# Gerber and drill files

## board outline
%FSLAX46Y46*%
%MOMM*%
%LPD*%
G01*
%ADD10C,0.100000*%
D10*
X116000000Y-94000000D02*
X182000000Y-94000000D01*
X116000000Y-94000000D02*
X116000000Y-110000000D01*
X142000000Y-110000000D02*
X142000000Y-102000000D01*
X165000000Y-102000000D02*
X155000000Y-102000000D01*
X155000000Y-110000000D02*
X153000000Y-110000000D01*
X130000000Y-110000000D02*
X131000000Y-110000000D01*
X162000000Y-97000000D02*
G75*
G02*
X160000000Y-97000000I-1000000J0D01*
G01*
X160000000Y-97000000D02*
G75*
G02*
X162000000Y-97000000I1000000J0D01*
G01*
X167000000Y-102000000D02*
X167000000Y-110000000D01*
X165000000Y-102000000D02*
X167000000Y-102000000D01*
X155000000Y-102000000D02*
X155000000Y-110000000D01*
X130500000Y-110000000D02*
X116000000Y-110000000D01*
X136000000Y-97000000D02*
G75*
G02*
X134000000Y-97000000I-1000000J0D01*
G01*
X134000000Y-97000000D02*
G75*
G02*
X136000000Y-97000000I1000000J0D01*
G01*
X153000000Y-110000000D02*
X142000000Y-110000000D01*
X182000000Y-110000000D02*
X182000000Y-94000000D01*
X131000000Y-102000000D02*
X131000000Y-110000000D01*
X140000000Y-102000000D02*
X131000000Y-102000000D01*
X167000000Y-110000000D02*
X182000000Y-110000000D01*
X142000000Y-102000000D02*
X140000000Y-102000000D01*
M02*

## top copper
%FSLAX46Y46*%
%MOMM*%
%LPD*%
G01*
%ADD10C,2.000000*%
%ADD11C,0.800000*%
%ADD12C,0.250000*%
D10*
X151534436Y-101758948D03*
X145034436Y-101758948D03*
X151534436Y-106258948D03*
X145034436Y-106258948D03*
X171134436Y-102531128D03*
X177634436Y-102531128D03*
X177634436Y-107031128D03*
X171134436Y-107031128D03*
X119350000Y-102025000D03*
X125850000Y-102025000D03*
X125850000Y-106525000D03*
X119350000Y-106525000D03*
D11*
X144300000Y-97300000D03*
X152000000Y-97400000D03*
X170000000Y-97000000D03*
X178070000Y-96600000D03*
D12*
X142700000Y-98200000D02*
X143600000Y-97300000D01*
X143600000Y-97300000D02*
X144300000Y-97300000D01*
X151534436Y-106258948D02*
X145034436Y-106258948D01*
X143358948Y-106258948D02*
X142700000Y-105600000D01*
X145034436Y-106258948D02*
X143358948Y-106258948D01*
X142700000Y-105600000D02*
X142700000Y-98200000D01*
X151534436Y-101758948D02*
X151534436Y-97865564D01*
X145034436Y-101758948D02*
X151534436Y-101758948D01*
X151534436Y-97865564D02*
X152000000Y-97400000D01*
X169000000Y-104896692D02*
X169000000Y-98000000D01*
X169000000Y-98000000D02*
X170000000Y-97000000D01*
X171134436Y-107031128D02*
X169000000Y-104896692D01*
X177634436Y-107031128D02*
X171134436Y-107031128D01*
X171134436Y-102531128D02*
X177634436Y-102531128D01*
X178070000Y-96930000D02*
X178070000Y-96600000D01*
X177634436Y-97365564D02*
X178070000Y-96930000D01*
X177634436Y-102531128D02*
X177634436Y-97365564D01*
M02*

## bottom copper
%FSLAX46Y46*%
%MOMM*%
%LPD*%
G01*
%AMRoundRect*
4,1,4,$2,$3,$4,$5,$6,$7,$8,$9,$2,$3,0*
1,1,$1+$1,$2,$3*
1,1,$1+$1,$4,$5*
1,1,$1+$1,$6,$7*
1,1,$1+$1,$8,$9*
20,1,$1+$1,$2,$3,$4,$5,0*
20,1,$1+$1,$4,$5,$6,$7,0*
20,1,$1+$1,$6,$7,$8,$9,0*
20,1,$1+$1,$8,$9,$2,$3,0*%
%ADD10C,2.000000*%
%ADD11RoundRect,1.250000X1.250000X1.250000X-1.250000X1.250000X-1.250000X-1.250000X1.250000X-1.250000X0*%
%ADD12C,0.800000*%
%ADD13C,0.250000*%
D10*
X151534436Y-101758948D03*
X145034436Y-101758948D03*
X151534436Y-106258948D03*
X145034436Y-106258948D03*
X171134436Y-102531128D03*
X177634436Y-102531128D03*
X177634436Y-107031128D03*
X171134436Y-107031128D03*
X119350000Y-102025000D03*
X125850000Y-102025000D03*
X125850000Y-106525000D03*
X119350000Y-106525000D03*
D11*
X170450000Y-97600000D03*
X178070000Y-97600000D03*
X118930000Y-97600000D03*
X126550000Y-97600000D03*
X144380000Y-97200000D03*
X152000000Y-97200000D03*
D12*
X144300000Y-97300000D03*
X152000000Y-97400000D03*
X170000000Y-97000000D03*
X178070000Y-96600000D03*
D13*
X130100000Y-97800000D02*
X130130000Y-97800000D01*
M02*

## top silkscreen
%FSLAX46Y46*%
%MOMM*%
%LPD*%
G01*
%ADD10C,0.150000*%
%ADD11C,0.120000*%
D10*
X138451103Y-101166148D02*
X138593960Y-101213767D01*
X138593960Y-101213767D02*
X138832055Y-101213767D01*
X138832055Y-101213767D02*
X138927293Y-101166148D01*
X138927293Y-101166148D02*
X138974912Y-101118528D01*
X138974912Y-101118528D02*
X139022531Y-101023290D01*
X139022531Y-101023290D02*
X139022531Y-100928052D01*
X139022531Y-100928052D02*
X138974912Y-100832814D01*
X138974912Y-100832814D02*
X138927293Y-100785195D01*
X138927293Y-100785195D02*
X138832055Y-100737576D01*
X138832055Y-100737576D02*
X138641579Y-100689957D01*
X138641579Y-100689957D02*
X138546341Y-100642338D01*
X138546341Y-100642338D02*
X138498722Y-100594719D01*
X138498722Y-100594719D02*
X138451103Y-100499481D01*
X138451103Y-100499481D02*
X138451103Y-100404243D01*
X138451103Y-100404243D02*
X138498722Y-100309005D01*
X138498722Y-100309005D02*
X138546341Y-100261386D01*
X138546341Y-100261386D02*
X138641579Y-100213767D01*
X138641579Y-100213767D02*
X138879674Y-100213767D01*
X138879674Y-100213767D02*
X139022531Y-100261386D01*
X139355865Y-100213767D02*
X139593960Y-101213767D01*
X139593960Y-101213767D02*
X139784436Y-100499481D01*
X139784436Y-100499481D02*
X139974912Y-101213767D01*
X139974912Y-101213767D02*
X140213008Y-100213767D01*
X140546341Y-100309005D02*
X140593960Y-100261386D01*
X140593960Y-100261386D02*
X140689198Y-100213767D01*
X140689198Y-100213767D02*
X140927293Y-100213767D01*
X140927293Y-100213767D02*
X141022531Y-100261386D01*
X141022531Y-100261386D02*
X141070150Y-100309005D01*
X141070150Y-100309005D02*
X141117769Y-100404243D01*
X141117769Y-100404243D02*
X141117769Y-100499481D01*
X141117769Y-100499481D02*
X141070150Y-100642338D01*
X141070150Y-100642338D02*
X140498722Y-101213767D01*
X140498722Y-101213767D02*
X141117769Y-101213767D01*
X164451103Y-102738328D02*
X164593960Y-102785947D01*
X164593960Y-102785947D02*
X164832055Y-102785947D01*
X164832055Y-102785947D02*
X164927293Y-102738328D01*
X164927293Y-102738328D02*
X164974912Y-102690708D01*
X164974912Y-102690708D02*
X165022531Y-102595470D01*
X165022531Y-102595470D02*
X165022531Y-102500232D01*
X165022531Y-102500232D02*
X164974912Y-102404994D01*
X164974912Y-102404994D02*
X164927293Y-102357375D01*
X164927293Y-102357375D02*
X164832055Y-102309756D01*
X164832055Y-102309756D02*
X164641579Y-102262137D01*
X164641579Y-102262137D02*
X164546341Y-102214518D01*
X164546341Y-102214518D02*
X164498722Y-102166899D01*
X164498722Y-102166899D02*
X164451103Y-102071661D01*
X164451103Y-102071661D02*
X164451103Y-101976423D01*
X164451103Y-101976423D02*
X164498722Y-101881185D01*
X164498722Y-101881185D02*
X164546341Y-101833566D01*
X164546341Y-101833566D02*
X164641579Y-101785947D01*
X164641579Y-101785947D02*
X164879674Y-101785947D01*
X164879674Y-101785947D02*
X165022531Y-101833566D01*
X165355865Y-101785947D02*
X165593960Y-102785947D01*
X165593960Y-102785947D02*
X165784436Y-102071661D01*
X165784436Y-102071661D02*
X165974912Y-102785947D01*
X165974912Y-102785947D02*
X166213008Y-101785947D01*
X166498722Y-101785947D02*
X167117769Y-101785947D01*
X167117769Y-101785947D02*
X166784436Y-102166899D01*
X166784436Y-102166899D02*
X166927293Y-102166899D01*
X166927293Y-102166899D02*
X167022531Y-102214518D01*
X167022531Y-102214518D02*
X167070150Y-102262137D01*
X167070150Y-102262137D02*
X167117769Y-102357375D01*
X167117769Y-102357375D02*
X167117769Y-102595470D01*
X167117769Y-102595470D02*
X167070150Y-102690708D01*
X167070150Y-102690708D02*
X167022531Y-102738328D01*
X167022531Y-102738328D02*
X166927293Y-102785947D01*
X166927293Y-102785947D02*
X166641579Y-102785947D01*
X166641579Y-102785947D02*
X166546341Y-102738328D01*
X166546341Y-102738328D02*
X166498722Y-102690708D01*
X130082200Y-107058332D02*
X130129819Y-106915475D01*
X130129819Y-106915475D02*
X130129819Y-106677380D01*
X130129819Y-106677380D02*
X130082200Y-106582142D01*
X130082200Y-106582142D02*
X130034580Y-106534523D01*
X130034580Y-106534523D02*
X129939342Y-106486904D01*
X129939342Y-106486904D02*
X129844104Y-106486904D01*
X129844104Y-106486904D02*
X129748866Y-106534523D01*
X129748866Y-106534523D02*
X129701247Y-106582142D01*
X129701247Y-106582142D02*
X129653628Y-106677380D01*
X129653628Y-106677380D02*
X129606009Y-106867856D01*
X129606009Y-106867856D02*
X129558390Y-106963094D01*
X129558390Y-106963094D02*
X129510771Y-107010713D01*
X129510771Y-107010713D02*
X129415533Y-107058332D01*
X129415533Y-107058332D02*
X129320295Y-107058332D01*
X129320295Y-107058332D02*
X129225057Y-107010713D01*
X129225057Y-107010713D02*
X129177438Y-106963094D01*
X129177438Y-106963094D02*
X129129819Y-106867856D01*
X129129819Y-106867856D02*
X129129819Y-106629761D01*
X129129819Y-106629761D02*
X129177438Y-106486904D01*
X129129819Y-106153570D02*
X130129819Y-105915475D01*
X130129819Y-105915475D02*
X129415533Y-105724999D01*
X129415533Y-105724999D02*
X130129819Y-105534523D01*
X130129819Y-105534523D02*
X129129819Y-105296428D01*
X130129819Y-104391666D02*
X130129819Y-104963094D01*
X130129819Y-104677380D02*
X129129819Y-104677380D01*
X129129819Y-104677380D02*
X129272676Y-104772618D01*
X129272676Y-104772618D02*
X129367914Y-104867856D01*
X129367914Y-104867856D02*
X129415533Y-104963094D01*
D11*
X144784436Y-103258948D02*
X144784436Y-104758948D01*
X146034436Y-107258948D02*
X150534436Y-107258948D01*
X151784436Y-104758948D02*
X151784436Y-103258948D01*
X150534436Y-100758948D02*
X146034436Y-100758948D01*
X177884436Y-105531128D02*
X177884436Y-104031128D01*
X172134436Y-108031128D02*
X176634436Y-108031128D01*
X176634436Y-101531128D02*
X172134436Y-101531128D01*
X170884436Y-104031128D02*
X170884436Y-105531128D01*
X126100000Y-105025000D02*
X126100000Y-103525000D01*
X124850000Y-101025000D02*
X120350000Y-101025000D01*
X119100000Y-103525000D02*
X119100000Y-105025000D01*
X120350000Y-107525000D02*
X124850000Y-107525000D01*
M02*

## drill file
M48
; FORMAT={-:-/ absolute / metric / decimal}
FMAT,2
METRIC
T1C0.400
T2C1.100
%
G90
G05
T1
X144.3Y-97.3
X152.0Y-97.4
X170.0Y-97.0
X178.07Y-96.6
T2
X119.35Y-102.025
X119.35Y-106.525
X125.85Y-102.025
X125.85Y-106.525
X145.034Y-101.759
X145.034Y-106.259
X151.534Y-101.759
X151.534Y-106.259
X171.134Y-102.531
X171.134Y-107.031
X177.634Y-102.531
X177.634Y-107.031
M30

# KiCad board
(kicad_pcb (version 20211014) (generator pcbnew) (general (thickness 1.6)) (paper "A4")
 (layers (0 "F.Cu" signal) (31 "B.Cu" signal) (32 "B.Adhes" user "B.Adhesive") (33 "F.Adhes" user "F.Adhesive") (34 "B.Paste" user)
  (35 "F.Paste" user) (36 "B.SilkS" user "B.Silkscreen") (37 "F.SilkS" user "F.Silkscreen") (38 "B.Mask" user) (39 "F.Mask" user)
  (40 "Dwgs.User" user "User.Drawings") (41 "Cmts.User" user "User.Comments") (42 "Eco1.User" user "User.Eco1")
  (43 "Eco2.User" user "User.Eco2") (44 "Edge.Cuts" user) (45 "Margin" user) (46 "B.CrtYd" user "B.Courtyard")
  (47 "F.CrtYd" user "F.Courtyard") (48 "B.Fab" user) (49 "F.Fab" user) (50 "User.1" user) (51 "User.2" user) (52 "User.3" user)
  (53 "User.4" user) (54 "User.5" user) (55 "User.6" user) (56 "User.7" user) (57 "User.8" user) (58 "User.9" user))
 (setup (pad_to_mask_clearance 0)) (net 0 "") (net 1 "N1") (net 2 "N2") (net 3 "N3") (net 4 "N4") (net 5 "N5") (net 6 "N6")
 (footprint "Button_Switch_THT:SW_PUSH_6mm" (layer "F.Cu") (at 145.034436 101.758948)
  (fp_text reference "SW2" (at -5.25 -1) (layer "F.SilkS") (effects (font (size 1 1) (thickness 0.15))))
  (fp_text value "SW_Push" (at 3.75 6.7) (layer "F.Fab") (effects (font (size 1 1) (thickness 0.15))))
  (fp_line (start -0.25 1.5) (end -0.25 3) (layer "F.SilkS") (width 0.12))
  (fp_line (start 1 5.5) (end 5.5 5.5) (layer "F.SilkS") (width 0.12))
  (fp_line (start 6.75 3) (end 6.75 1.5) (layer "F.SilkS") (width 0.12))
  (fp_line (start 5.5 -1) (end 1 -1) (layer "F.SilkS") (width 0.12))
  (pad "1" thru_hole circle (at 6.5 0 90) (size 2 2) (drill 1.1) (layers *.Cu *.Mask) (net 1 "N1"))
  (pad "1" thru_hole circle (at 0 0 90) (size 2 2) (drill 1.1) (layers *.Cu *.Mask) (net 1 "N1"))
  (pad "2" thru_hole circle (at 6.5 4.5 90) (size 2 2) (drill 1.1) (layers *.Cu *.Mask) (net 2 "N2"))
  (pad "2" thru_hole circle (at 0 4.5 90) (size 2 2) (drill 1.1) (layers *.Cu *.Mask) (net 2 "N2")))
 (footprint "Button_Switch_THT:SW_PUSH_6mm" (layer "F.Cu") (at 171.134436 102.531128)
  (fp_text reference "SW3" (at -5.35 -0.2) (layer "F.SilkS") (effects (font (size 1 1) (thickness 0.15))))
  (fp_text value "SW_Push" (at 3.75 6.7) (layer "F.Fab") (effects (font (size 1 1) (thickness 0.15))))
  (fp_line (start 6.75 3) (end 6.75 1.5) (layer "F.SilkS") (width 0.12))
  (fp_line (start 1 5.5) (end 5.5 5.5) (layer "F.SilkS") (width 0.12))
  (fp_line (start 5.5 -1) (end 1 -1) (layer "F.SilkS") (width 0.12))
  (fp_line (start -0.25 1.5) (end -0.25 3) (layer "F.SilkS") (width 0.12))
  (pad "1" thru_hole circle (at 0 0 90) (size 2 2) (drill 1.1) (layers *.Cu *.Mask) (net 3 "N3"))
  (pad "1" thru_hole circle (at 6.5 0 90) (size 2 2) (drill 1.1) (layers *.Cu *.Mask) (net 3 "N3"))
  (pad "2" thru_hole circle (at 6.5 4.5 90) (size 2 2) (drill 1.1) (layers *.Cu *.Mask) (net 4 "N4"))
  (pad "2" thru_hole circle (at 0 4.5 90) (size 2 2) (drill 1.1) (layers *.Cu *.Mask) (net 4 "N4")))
==
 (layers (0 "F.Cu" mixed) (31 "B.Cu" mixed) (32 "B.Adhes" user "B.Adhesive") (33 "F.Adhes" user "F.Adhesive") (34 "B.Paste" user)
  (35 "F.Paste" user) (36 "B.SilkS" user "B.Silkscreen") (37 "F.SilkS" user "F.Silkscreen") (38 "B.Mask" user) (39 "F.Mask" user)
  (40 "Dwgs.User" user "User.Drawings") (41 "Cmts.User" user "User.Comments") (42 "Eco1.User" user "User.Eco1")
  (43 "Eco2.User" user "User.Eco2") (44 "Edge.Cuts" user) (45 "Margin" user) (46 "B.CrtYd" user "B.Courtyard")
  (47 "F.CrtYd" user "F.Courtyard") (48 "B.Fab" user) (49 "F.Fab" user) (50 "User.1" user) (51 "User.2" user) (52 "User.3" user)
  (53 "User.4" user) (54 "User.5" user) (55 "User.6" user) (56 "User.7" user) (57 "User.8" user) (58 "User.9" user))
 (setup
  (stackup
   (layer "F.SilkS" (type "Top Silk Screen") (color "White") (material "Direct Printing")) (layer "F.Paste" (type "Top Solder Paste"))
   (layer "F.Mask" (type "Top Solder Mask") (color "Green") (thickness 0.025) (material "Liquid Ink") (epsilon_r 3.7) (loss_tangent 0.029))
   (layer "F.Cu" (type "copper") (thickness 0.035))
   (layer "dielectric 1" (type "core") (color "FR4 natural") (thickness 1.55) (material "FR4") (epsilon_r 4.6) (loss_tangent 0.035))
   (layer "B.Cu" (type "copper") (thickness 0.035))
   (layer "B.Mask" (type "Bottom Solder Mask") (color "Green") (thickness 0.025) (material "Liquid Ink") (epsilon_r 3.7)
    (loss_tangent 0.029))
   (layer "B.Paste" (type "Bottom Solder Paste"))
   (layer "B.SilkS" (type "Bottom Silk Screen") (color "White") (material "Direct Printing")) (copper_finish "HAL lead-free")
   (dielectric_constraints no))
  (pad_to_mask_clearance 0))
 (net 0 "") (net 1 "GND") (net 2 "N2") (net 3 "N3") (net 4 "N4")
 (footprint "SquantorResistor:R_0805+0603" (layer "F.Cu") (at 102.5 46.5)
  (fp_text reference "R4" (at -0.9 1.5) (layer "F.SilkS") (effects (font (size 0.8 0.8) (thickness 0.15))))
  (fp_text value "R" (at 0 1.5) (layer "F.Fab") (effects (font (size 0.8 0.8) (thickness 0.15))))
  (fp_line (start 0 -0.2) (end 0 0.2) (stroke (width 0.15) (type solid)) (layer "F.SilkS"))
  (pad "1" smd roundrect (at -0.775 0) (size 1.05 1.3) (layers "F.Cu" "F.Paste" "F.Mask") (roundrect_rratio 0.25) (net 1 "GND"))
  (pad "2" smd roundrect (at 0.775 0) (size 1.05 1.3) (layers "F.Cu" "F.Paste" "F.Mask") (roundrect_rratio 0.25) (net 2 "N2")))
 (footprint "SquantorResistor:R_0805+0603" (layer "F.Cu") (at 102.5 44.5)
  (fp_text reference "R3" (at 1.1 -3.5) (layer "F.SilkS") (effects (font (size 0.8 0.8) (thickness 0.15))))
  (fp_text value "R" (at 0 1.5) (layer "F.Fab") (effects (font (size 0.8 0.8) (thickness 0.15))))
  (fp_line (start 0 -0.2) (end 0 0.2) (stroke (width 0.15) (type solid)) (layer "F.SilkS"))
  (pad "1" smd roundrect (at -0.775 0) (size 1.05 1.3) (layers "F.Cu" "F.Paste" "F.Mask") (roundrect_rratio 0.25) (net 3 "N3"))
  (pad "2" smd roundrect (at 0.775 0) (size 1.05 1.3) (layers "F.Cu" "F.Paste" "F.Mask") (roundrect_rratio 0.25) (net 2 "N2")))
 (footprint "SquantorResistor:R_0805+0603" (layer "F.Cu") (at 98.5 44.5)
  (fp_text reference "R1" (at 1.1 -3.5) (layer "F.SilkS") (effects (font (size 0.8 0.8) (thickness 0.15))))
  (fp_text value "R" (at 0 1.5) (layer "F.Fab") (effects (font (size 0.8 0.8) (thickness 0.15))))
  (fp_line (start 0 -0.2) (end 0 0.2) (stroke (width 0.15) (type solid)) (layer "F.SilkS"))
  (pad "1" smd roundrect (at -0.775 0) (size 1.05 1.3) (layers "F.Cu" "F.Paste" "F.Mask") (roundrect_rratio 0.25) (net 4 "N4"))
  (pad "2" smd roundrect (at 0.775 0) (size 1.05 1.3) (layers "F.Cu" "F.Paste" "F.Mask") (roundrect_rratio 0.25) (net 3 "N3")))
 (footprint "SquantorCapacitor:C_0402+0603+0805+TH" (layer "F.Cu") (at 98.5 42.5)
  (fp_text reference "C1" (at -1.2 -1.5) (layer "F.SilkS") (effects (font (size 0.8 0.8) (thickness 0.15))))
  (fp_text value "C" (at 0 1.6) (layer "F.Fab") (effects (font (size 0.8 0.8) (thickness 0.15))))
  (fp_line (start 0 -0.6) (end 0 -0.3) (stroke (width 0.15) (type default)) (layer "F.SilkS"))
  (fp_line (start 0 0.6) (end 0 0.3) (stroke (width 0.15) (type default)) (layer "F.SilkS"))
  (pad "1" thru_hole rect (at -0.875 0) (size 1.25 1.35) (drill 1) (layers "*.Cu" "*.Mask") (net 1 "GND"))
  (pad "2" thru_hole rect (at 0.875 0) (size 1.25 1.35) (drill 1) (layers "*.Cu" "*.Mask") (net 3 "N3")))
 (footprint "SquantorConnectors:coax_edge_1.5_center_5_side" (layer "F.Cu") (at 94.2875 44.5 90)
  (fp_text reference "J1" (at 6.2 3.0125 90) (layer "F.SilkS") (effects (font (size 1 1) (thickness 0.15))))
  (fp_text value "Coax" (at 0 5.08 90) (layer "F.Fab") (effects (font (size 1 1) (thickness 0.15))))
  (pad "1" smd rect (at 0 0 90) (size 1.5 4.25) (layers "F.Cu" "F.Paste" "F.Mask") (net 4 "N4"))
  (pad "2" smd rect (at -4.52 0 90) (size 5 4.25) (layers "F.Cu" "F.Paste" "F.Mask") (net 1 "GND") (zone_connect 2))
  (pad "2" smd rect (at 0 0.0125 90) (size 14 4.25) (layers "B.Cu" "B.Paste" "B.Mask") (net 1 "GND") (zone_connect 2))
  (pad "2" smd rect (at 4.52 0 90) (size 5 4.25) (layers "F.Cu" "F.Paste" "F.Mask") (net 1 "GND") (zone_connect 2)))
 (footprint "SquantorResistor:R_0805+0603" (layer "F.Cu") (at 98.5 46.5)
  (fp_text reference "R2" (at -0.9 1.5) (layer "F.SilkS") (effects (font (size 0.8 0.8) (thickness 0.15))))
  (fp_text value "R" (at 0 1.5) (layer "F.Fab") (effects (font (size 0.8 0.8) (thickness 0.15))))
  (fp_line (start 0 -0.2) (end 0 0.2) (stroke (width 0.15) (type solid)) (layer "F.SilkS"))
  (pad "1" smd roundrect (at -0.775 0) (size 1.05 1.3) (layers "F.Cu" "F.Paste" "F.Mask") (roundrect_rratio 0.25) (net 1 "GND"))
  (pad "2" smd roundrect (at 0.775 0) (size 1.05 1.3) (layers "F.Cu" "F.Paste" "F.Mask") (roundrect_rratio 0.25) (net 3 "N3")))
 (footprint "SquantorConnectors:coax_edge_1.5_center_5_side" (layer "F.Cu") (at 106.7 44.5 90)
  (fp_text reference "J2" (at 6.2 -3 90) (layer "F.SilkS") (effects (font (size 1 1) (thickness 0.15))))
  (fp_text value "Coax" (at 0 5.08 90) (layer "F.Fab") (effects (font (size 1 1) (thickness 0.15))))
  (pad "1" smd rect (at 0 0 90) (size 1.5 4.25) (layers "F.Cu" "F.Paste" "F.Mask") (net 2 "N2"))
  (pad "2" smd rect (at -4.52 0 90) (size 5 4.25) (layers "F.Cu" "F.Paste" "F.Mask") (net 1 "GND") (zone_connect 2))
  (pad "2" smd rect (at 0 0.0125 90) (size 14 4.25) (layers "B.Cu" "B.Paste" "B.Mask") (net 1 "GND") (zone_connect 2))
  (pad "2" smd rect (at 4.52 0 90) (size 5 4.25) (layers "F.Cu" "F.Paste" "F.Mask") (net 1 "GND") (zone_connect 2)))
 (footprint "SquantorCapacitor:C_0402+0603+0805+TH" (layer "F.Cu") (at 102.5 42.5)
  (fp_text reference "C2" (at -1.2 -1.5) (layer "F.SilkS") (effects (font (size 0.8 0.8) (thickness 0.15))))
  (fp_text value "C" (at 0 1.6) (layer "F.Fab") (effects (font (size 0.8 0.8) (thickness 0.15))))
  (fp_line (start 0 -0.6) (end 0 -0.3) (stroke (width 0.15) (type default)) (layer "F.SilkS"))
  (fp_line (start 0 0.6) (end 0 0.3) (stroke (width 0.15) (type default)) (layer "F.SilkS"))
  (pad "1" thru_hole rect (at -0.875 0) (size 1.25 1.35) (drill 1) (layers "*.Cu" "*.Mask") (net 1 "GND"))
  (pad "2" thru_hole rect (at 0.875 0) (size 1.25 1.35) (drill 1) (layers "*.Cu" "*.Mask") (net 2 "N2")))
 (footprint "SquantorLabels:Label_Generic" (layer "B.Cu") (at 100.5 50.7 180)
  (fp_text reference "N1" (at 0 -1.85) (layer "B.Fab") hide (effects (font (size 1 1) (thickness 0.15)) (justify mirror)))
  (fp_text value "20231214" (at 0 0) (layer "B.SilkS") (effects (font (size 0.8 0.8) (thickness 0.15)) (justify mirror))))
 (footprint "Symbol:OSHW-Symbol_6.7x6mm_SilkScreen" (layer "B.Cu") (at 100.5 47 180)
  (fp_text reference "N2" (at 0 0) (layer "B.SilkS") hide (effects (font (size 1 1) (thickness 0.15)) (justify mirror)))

- [Task directions] Filter the records above for the string "setup" and copy each matching line.

- [Response box]
 (setup (pad_to_mask_clearance 0)) (net 0 "") (net 1 "N1") (net 2 "N2") (net 3 "N3") (net 4 "N4") (net 5 "N5") (net 6 "N6")
 (setup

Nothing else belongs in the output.